Services can emit events that trigger follow-up work without absorbing every downstream concern into the call method. One successful transfer can notify a ledger, send a receipt, and update analytics — without the transfer service knowing any of that exists.

Emitting events

Declare events with the emits DSL. The framework fires them automatically after result validation:

ruby
class Treasury::TransferGold::Service < Servus::Base
  emits :gold_transferred, on: :success
  emits :transfer_failed, on: :failure
  emits :transfer_error, on: :error!

  def call
    from_account.withdraw!(@gold_dragons)
    to_account.deposit!(@gold_dragons)

    success(
      transferred: @gold_dragons,
      from_balance: from_account.balance,
      to_balance: to_account.balance
    )
  end
end

Default payloads

TriggerPayload
:successresult.data — the hash you passed to success(...)
:failureresult.error — the ServiceError instance
:error!result.error — emitted synchronously before the exception is raised

Custom payloads

Override the default payload with a block:

ruby
emits :gold_transferred, on: :success do |result|
  {
    from: result.data.from_balance,
    to: result.data.to_balance,
    amount: result.data.transferred
  }
end

Or a method reference:

ruby
emits :gold_transferred, on: :success, with: :transfer_payload

private

def transfer_payload(result)
  {
    from: result.data.from_balance,
    to: result.data.to_balance,
    amount: result.data.transferred
  }
end

Handling events

A service can emit events without knowing or caring whether anything is listening. The service's job ends when the event fires — it has no dependency on what happens next.

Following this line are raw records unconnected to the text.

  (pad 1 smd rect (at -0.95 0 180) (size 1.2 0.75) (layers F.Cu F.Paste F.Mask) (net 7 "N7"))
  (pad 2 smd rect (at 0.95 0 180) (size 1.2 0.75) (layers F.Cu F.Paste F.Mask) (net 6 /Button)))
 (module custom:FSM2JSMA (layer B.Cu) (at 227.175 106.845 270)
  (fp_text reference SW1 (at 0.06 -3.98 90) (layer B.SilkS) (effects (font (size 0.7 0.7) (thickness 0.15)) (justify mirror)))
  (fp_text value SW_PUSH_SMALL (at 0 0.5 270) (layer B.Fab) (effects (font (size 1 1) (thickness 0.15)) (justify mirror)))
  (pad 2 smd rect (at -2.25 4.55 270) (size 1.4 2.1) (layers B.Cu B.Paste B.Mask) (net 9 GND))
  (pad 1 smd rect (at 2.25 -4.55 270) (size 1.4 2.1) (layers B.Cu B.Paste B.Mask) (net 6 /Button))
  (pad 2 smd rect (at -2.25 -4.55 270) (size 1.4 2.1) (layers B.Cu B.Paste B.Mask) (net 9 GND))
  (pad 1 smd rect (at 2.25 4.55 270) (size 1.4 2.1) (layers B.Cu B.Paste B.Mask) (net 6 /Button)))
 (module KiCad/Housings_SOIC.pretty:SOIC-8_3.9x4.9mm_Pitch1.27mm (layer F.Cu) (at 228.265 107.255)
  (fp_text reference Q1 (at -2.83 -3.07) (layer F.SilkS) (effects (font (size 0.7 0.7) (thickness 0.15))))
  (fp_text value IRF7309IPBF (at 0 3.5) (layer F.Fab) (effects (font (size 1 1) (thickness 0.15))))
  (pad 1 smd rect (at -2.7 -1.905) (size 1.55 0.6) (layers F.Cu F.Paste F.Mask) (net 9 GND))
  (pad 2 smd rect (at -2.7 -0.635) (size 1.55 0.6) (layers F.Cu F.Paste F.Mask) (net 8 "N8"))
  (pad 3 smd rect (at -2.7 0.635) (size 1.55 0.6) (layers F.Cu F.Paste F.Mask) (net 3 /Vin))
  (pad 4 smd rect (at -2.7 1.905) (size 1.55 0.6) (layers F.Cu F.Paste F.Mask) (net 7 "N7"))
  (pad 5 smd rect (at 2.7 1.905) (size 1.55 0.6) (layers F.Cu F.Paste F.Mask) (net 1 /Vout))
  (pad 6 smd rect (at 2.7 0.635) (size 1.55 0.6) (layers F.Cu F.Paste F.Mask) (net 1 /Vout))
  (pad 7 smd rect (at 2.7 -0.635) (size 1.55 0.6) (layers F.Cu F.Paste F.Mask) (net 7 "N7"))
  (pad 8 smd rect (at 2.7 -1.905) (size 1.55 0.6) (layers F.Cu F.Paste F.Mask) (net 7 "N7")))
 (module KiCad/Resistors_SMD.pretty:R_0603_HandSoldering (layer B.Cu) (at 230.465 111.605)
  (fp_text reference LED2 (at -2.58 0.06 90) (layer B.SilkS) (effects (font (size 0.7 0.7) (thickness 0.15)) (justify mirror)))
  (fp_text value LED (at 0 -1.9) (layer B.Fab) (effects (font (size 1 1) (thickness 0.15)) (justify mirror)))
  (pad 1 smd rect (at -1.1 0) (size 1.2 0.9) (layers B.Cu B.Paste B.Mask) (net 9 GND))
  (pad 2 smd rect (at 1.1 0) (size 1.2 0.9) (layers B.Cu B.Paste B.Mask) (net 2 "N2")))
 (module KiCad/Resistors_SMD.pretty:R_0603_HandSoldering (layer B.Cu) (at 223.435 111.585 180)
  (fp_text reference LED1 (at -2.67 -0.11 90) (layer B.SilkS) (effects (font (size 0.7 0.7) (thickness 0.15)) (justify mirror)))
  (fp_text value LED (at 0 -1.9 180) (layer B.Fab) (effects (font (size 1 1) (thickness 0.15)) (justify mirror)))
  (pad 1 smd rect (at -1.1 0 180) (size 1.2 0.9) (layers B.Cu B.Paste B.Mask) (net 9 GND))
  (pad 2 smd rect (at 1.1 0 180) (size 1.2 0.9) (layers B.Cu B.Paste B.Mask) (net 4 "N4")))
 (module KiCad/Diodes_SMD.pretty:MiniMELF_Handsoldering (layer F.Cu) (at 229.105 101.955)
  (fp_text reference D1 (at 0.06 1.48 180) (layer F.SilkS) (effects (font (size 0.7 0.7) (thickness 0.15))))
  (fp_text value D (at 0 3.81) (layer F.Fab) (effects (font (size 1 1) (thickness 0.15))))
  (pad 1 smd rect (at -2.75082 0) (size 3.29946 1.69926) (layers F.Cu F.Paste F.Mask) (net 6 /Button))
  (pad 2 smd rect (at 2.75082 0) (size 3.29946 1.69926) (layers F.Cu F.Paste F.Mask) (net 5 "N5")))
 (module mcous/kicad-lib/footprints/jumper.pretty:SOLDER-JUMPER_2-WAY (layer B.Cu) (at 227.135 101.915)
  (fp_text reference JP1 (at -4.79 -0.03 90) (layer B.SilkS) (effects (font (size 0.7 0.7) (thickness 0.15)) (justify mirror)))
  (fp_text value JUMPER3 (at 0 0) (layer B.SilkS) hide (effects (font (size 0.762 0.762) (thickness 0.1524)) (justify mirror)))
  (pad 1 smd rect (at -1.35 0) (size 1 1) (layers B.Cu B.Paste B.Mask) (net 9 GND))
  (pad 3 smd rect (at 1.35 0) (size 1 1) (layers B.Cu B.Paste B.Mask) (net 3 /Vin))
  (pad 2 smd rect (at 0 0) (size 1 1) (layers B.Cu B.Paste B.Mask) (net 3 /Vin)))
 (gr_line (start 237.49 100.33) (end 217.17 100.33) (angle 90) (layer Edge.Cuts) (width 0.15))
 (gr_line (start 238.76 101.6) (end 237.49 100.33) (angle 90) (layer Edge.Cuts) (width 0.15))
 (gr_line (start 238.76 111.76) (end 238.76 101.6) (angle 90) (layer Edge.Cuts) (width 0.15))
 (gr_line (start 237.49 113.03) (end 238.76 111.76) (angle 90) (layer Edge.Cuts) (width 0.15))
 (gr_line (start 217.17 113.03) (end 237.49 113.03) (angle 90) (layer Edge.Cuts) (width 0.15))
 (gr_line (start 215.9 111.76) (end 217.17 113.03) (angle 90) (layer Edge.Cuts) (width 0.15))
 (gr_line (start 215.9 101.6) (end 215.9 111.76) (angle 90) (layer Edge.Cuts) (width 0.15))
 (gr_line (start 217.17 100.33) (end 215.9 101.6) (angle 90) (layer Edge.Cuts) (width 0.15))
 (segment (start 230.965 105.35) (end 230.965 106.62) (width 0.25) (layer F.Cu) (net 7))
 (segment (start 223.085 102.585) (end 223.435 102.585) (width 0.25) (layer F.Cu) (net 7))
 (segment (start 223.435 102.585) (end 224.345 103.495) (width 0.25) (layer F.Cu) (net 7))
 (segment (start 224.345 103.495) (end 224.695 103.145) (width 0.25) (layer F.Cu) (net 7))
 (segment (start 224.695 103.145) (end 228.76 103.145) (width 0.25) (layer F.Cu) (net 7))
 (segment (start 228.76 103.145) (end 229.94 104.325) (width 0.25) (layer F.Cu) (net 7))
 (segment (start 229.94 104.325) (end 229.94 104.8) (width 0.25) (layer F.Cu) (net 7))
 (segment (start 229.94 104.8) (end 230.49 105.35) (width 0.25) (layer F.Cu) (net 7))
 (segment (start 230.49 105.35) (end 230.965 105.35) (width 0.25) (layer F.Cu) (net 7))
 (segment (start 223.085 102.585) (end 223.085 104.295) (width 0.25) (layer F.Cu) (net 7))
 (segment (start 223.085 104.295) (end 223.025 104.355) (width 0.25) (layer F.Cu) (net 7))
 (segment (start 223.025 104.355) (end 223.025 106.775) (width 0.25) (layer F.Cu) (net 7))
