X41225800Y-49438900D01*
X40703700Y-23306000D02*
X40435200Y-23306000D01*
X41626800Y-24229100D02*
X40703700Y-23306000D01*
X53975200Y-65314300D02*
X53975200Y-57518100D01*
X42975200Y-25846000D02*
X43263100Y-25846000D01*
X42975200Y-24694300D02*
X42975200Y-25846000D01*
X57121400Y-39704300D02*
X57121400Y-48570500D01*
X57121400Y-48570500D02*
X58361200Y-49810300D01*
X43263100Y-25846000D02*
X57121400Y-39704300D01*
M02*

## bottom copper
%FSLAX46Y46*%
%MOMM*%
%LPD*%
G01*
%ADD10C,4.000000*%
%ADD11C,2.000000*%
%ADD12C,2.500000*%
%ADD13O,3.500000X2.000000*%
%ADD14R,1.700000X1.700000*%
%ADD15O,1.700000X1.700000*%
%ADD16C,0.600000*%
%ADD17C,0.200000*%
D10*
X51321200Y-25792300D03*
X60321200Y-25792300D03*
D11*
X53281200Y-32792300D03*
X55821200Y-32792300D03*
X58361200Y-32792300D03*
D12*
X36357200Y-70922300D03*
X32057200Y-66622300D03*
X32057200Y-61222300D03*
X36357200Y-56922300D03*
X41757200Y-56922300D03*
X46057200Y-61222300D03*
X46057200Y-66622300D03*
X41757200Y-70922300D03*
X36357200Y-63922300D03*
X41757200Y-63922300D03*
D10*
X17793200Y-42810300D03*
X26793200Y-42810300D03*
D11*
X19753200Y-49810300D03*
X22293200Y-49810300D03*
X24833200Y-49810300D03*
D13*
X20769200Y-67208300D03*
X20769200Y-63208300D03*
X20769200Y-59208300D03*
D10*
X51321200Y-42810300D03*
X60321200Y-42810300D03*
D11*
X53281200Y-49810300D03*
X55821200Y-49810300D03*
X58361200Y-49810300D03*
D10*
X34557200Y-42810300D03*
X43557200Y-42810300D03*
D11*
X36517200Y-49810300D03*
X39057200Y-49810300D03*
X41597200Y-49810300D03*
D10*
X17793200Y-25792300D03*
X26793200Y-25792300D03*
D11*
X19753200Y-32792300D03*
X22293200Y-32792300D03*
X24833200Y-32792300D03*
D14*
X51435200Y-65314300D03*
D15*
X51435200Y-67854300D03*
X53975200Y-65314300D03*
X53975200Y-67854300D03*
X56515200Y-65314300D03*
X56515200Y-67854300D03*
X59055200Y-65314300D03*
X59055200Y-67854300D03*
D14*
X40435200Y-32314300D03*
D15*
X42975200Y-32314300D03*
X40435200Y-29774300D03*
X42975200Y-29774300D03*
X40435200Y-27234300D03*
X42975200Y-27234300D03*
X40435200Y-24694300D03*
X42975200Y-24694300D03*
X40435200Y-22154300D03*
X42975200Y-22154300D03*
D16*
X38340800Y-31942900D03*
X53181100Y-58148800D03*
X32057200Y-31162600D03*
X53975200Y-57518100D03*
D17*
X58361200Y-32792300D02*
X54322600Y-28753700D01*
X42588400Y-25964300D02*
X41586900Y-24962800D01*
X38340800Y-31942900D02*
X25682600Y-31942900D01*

When you want to react to an event, you create a handler. A handler is a class that subscribes to a single event and declares which services to invoke when that event fires. It inherits from Servus::EventHandler, uses handles to name the event, and uses invoke to wire up each response. The handler's job is purely coordination — it maps the event payload to service arguments and decides whether to run sync or async. No business logic belongs here.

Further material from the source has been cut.